# Opions on pin color for 3d



## Alabamadog (Mar 16, 2015)

What color shows up best for you?


----------



## pops (Oct 10, 2015)

I shoot .019 green works great for me. 2nd choice would be red


----------



## Alabamadog (Mar 16, 2015)

I'm using 010 green right now and I loose the pin a lot so I'm going to 019 . I thought maybe red but didn't know how it would work on the brown and black targets


----------



## superdean00 (Jul 23, 2008)

.010 blue. I will admit all fibers are not made the same. Had to try a few before I found one that works for me. I do have a ZBros light installed, but out of the 3 3D shoots I have went to this year I havent had to turn it on.


----------



## Huntin Hard (Aug 8, 2011)

.010 blue is my favorite


----------



## catcherarcher (Sep 23, 2014)

.010 blue with a light


----------



## ar1220 (May 18, 2014)

.010 blue with a light.


----------



## Kstigall (Feb 24, 2004)

Green is the only color I have in my hunting bow because it's the only thing I can see _clearly _without a light. On my 3d bow I use .010 blue with an LP Light.


----------



## Padgett (Feb 5, 2010)

There are only two choices, green if you are not using a lp light and blue if you are using a lp light.


----------



## WVTrophyhunter (Apr 29, 2008)

.019 blue with the LP light.


----------



## dirtruch (Mar 12, 2016)

I use .010 blue with the tube masked, and a light. 


Sent from my iPhone using Tapatalk


----------



## hoytxcutter (Sep 1, 2003)

.010 yellow or green


----------



## tialloydragon (Mar 14, 2013)

.010 green

Sent from my LGMS631 using Tapatalk


----------



## Left I Dominant (Feb 2, 2016)

green transmits light the best in less than optimum light and the longest in diminishing light.


----------



## Freaknasty8116 (Jan 24, 2015)

.010 blue with a light works best for me. Tried red did not like it at all. Seemed to get a brake light effect for me.


----------



## moparfitter (Jan 21, 2015)

I like blue or green.


----------



## Garceau (Sep 3, 2010)

Green 19 hunting.... blue 10 with light for everything else.


----------



## DonJuan14 (Feb 15, 2016)

green .10


----------



## Laars (Apr 26, 2015)

I'm really liking the Viper .015 pin in green. Seems like the perfect size, in between the other two.


----------



## AlanCoderre (Mar 18, 2014)

blue with a light


----------



## OneScrewLoose (Feb 18, 2009)

Green or red, red may need a light or longer fiber to maintain the brightness.


----------



## 3Dblackncamo (Jul 22, 2009)

.19 blue with lp light


----------



## mjharp46 (May 7, 2012)

Padgett said:


> There are only two choices, green if you are not using a lp light and blue if you are using a lp light.


^^^^This, but I don't like blue on white targets even with a light.

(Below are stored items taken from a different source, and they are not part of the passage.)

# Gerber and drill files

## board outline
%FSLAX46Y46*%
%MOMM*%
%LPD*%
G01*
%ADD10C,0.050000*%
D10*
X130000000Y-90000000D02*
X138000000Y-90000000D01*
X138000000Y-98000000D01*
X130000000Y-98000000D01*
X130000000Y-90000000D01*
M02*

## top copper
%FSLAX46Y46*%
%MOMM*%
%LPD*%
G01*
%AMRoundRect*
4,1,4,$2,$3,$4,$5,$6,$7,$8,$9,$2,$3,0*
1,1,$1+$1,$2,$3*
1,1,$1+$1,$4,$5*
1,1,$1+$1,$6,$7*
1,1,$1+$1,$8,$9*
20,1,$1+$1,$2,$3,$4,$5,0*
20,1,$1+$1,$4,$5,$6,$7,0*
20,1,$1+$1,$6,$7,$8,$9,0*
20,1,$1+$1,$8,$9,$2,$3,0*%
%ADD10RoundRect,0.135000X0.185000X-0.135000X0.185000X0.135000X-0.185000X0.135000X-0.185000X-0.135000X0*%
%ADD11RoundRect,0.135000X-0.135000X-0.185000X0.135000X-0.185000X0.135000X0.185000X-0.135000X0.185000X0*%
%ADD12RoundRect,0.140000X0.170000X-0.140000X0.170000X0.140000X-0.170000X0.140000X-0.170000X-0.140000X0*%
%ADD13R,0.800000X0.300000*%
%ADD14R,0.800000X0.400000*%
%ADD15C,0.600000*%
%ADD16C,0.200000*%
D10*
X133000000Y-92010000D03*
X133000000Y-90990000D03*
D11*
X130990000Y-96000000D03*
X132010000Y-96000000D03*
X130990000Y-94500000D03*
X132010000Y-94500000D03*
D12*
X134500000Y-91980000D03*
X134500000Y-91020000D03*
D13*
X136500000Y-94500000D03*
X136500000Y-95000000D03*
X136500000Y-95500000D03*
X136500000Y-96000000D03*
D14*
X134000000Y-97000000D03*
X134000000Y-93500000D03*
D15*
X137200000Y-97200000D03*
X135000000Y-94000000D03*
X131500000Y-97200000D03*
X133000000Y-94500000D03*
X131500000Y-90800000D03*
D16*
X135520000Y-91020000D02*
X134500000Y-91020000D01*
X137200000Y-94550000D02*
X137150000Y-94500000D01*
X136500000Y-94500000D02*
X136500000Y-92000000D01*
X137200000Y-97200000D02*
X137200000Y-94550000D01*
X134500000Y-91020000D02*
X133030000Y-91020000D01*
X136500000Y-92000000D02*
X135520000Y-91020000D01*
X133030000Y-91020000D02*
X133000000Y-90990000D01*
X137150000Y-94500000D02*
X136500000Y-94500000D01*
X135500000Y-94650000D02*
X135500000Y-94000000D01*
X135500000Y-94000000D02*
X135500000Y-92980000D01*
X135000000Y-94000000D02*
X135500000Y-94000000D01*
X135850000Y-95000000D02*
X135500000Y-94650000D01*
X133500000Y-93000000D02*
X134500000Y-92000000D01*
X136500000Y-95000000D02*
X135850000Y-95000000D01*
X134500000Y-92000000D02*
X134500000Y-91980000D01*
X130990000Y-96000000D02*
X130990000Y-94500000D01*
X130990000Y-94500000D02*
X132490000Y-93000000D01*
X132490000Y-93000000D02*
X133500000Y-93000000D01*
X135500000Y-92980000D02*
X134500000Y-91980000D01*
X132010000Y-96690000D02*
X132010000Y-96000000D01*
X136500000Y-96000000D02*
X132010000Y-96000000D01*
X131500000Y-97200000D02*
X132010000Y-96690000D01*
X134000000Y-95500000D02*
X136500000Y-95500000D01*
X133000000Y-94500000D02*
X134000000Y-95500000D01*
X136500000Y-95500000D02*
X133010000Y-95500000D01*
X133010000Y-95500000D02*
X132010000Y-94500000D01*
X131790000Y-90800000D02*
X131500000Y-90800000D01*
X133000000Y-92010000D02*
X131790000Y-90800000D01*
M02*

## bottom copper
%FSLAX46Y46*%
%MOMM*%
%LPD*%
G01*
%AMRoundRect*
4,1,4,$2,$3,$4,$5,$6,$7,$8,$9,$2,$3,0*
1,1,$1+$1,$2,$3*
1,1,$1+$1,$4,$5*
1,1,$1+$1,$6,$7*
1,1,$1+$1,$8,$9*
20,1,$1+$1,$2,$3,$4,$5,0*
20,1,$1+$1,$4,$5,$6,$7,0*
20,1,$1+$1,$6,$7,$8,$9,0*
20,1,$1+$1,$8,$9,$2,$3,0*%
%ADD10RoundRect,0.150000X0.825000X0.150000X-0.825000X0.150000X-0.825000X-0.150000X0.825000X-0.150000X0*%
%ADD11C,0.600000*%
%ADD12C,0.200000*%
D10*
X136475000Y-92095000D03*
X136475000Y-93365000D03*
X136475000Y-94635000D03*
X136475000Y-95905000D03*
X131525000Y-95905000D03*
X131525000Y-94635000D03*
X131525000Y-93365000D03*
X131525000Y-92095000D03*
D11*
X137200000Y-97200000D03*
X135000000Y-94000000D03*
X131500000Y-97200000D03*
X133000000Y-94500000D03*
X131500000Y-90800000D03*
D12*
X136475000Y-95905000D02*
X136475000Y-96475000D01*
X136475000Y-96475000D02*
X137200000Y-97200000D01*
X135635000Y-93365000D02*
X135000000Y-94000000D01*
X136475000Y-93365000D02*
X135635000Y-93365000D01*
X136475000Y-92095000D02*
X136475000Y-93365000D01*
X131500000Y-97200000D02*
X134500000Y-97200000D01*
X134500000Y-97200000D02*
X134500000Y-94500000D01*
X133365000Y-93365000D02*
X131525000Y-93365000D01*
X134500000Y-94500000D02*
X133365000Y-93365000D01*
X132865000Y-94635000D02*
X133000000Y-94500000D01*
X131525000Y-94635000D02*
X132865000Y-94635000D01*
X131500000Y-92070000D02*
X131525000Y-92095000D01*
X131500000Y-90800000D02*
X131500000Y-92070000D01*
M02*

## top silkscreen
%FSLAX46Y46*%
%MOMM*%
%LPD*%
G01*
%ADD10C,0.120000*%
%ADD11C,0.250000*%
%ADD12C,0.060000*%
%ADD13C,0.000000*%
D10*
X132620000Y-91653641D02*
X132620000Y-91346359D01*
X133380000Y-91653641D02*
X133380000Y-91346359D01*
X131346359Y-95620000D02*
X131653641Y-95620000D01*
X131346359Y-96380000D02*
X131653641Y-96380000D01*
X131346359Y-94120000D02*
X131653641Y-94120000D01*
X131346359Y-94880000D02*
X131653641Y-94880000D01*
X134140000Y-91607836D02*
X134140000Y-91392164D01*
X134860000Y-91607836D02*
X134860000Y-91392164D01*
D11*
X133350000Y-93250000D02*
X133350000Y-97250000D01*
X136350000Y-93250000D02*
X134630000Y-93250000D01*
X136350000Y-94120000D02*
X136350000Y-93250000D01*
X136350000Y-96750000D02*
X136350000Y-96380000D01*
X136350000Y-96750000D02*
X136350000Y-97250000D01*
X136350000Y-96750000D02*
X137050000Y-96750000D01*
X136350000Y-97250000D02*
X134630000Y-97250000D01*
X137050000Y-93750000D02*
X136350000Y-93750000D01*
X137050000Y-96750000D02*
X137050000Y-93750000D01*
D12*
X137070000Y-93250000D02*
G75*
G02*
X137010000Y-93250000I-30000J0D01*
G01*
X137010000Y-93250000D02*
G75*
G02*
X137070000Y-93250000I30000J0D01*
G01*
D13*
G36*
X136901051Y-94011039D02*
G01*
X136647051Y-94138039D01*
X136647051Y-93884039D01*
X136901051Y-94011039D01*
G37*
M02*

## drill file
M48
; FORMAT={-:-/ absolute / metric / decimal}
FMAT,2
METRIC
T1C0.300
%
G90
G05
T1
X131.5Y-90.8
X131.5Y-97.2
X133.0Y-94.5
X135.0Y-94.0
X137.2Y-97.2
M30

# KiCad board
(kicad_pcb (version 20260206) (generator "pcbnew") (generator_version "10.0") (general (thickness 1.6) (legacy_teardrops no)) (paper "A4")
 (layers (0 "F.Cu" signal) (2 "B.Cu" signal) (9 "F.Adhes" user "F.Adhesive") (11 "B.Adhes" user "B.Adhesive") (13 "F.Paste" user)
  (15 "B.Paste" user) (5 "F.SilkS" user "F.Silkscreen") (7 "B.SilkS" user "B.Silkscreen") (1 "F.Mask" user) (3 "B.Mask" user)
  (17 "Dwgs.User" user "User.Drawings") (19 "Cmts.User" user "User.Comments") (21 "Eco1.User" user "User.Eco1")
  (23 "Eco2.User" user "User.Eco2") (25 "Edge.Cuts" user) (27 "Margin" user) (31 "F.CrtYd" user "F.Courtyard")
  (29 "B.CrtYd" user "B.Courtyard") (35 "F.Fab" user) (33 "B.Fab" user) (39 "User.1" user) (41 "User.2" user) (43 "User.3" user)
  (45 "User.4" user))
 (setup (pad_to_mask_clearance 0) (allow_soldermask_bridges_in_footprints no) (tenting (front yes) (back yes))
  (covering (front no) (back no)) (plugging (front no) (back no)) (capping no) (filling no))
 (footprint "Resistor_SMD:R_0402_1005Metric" (layer "F.Cu") (at 133 91.5 90)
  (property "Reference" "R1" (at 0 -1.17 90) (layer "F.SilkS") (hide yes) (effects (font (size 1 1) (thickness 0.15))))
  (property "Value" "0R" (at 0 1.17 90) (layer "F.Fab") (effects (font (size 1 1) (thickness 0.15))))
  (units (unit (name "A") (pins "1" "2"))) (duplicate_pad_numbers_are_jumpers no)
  (fp_line (start -0.153641 -0.38) (end 0.153641 -0.38) (stroke (width 0.12) (type solid)) (layer "F.SilkS"))
  (fp_line (start -0.153641 0.38) (end 0.153641 0.38) (stroke (width 0.12) (type solid)) (layer "F.SilkS"))
  (pad "1" smd roundrect (at -0.51 0 90) (size 0.54 0.64) (layers "F.Cu" "F.Mask" "F.Paste") (roundrect_rratio 0.25) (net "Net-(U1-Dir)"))
  (pad "2" smd roundrect (at 0.51 0 90) (size 0.54 0.64) (layers "F.Cu" "F.Mask" "F.Paste") (roundrect_rratio 0.25) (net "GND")))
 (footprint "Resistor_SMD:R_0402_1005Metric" (layer "F.Cu") (at 131.5 96)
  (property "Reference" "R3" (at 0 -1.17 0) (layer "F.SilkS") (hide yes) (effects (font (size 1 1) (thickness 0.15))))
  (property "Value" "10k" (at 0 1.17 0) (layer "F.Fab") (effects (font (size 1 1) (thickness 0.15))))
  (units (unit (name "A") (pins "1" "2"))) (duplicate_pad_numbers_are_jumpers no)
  (fp_line (start -0.153641 -0.38) (end 0.153641 -0.38) (stroke (width 0.12) (type solid)) (layer "F.SilkS"))
  (fp_line (start -0.153641 0.38) (end 0.153641 0.38) (stroke (width 0.12) (type solid)) (layer "F.SilkS"))
  (pad "1" smd roundrect (at -0.51 0) (size 0.54 0.64) (layers "F.Cu" "F.Mask" "F.Paste") (roundrect_rratio 0.25) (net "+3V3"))
  (pad "2" smd roundrect (at 0.51 0) (size 0.54 0.64) (layers "F.Cu" "F.Mask" "F.Paste") (roundrect_rratio 0.25) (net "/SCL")))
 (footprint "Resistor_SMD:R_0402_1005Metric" (layer "F.Cu") (at 131.5 94.5)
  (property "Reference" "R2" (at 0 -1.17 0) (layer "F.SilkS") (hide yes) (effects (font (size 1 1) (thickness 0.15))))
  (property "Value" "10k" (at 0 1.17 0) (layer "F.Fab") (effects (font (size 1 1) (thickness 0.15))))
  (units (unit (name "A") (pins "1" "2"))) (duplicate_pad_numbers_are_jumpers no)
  (fp_line (start -0.153641 -0.38) (end 0.153641 -0.38) (stroke (width 0.12) (type solid)) (layer "F.SilkS"))
  (fp_line (start -0.153641 0.38) (end 0.153641 0.38) (stroke (width 0.12) (type solid)) (layer "F.SilkS"))
  (pad "1" smd roundrect (at -0.51 0) (size 0.54 0.64) (layers "F.Cu" "F.Mask" "F.Paste") (roundrect_rratio 0.25) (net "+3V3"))
  (pad "2" smd roundrect (at 0.51 0) (size 0.54 0.64) (layers "F.Cu" "F.Mask" "F.Paste") (roundrect_rratio 0.25) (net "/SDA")))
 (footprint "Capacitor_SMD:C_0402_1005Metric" (layer "F.Cu") (at 134.5 91.5 90)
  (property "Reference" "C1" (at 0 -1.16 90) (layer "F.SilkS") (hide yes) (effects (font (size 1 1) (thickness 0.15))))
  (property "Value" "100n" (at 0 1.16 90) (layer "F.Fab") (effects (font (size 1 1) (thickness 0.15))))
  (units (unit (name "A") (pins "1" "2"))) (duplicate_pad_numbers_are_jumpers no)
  (fp_line (start -0.107836 -0.36) (end 0.107836 -0.36) (stroke (width 0.12) (type solid)) (layer "F.SilkS"))
  (fp_line (start -0.107836 0.36) (end 0.107836 0.36) (stroke (width 0.12) (type solid)) (layer "F.SilkS"))
  (pad "1" smd roundrect (at -0.48 0 90) (size 0.56 0.62) (layers "F.Cu" "F.Mask" "F.Paste") (roundrect_rratio 0.25) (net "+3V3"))
  (pad "2" smd roundrect (at 0.48 0 90) (size 0.56 0.62) (layers "F.Cu" "F.Mask" "F.Paste") (roundrect_rratio 0.25) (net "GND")))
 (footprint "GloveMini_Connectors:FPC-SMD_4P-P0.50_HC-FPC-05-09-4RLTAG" (layer "F.Cu") (at 135.25 95.25 90)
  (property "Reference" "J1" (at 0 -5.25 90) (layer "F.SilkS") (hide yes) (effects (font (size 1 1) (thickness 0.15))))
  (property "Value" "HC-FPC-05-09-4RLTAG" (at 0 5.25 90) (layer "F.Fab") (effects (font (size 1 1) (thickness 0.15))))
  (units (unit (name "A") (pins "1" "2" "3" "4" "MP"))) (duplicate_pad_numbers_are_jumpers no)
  (fp_line (start 2 -1.9) (end -2 -1.9) (stroke (width 0.25) (type solid)) (layer "F.SilkS"))
  (fp_line (start 2 1.1) (end 2 -0.62) (stroke (width 0.25) (type solid)) (layer "F.SilkS"))
  (fp_line (start 1.13 1.1) (end 2 1.1) (stroke (width 0.25) (type solid)) (layer "F.SilkS"))
  (fp_line (start -1.5 1.1) (end -1.13 1.1) (stroke (width 0.25) (type solid)) (layer "F.SilkS"))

But that's .010's also.


----------



## blade37defender (Jun 8, 2005)

I hunt with .019 green because it shows up best for me in low light.

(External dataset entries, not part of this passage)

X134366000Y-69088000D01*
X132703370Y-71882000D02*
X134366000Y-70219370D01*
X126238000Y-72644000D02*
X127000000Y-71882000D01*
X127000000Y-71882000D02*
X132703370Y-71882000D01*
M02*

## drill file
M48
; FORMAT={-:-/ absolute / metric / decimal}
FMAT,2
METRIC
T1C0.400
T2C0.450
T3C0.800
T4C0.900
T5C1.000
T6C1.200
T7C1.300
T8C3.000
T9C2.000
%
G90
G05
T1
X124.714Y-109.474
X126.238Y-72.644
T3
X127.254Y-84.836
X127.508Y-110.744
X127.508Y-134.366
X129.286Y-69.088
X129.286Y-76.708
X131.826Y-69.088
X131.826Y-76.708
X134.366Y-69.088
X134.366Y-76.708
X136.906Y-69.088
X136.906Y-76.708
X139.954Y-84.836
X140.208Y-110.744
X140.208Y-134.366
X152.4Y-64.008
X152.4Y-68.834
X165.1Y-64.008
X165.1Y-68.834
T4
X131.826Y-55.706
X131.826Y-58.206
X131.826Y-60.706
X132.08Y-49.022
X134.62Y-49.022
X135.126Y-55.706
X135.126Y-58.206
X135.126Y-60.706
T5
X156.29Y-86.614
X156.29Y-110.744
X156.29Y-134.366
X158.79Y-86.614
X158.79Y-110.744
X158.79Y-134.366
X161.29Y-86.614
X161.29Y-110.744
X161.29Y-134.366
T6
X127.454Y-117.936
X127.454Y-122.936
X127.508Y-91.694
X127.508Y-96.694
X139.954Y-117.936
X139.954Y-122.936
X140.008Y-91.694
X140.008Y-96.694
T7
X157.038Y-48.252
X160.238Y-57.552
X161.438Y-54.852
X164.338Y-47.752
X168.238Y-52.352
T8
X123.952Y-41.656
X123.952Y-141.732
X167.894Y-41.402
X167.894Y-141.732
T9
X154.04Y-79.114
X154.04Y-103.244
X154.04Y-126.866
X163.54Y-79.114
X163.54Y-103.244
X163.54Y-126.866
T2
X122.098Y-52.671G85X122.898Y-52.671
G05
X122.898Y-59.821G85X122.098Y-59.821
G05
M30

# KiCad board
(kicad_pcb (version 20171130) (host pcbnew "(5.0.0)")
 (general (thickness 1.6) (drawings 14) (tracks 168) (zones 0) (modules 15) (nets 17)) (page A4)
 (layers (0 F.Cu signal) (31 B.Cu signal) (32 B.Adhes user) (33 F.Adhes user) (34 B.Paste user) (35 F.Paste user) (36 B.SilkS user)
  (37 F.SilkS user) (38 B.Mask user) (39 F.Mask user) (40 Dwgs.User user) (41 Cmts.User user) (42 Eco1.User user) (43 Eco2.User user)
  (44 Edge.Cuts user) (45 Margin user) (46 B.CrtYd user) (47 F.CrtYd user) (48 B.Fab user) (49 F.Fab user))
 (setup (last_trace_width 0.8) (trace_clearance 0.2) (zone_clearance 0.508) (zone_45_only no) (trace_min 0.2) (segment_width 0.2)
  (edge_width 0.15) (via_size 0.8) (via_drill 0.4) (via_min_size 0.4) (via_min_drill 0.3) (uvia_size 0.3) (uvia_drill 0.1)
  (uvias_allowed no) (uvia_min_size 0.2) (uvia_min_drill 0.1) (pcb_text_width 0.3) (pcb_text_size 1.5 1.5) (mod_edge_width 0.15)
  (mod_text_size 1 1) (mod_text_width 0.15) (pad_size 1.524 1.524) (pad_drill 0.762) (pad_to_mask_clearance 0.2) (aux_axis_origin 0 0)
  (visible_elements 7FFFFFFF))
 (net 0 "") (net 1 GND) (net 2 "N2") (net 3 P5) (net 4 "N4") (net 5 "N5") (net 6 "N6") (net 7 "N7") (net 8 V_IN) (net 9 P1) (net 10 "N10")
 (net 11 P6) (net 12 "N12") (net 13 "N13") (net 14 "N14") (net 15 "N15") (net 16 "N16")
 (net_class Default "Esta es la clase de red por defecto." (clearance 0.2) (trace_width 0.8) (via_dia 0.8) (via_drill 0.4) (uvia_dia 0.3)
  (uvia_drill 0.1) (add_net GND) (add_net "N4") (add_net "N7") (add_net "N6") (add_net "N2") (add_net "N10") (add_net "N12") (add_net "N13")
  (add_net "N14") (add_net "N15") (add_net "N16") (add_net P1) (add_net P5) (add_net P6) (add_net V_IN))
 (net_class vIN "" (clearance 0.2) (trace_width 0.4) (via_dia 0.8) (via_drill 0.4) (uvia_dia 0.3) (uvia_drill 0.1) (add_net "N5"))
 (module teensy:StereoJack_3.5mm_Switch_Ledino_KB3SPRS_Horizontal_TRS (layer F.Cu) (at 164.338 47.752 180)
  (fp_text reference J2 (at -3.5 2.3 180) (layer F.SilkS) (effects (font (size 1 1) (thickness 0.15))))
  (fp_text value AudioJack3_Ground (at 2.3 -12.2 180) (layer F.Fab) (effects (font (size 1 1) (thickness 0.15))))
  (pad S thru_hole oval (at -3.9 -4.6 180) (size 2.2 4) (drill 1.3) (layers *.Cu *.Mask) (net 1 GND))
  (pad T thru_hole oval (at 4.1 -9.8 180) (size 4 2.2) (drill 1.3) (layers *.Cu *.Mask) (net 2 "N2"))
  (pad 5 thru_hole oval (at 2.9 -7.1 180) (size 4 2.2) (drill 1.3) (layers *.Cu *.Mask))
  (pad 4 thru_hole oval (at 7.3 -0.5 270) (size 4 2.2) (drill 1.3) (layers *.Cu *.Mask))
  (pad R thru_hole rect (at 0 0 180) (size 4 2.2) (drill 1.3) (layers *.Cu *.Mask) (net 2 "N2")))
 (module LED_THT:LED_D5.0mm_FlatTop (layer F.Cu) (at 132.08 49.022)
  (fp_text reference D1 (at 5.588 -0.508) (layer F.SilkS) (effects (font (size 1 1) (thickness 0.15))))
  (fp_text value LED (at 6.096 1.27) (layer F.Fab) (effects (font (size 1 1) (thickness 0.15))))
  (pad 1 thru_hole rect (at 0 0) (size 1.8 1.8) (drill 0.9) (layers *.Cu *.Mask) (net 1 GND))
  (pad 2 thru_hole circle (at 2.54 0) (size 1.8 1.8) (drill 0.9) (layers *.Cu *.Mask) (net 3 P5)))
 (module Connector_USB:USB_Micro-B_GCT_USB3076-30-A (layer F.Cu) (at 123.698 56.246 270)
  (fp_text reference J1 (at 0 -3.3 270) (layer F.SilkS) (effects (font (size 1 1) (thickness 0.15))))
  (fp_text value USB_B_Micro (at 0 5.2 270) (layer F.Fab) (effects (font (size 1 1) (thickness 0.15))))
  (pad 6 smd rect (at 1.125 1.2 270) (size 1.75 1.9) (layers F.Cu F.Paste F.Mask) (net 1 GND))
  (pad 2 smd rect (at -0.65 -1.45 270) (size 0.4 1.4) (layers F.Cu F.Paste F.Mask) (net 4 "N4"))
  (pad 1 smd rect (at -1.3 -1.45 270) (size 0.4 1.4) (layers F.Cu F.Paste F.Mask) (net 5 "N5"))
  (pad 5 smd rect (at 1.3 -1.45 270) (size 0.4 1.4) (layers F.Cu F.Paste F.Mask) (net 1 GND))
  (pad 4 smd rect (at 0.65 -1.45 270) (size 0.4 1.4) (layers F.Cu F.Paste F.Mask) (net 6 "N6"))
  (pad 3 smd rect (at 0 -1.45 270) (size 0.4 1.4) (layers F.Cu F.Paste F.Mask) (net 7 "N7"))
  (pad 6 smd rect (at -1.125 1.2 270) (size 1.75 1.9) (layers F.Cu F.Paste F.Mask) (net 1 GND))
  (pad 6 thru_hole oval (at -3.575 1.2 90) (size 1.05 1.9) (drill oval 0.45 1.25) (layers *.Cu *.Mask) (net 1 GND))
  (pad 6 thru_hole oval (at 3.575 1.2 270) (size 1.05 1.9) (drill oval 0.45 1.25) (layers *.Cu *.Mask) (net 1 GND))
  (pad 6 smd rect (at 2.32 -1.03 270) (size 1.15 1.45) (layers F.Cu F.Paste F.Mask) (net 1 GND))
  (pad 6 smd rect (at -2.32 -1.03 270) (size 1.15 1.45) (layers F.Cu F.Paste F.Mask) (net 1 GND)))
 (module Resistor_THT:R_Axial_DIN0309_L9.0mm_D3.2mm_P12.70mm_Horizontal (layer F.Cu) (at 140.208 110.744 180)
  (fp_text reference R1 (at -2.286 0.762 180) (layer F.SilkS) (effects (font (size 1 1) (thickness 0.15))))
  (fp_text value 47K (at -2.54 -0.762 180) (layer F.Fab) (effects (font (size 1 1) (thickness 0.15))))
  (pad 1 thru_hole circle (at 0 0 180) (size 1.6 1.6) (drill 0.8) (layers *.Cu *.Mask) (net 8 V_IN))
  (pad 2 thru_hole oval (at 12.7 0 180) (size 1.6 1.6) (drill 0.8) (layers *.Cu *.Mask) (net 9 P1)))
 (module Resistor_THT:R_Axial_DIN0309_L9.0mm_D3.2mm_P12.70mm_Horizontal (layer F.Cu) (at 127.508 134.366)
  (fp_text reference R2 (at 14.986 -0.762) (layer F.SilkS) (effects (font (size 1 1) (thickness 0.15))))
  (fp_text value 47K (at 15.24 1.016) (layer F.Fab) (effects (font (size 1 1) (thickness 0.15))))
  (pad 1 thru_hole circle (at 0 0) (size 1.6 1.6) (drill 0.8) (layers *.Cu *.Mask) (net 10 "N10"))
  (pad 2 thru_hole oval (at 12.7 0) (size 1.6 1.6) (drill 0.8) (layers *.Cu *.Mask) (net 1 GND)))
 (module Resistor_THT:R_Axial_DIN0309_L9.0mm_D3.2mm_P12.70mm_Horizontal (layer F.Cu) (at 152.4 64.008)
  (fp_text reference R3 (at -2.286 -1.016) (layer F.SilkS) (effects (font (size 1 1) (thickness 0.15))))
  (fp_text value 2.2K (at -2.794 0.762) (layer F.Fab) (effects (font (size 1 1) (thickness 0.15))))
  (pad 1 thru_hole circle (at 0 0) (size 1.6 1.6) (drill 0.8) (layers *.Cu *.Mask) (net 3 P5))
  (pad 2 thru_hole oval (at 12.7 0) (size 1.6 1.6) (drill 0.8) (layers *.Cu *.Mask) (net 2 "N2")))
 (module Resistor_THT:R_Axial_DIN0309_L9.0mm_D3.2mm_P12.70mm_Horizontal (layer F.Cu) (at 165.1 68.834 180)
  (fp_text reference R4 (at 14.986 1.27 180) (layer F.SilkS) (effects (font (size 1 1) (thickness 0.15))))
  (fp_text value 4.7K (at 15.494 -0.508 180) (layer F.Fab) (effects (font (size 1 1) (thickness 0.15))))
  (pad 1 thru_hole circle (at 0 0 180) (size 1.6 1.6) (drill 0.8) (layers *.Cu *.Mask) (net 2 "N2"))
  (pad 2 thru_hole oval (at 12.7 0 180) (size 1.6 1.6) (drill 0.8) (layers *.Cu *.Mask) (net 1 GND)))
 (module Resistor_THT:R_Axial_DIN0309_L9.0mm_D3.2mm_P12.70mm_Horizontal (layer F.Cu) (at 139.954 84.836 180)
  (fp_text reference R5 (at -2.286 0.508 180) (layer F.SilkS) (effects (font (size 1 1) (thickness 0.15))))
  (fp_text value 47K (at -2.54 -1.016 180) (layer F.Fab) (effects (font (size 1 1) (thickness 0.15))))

On my target setups, I shoot a .010 blue with a ZBros light. Any other color star bursts so bad and creates a halo around what I'm aiming at.


----------



## math1963 (Apr 9, 2014)

Blue fiber and LP light. There will always be a contrast with a blue fiber against nature.


----------



## Luv2shoot3D (Feb 4, 2013)

.15 shewd with a lp light


----------



## ElMonstroChillR (Jul 23, 2015)

.10 yellow/red... works best for me.


----------



## Martin_fierro (Nov 7, 2015)

either green or blue. the latter with a light


----------



## deertuk1 (Feb 12, 2015)

Just switched to a 0.10 green from a blue. the green seams to light up better for me and don't have to turn my light on as much


----------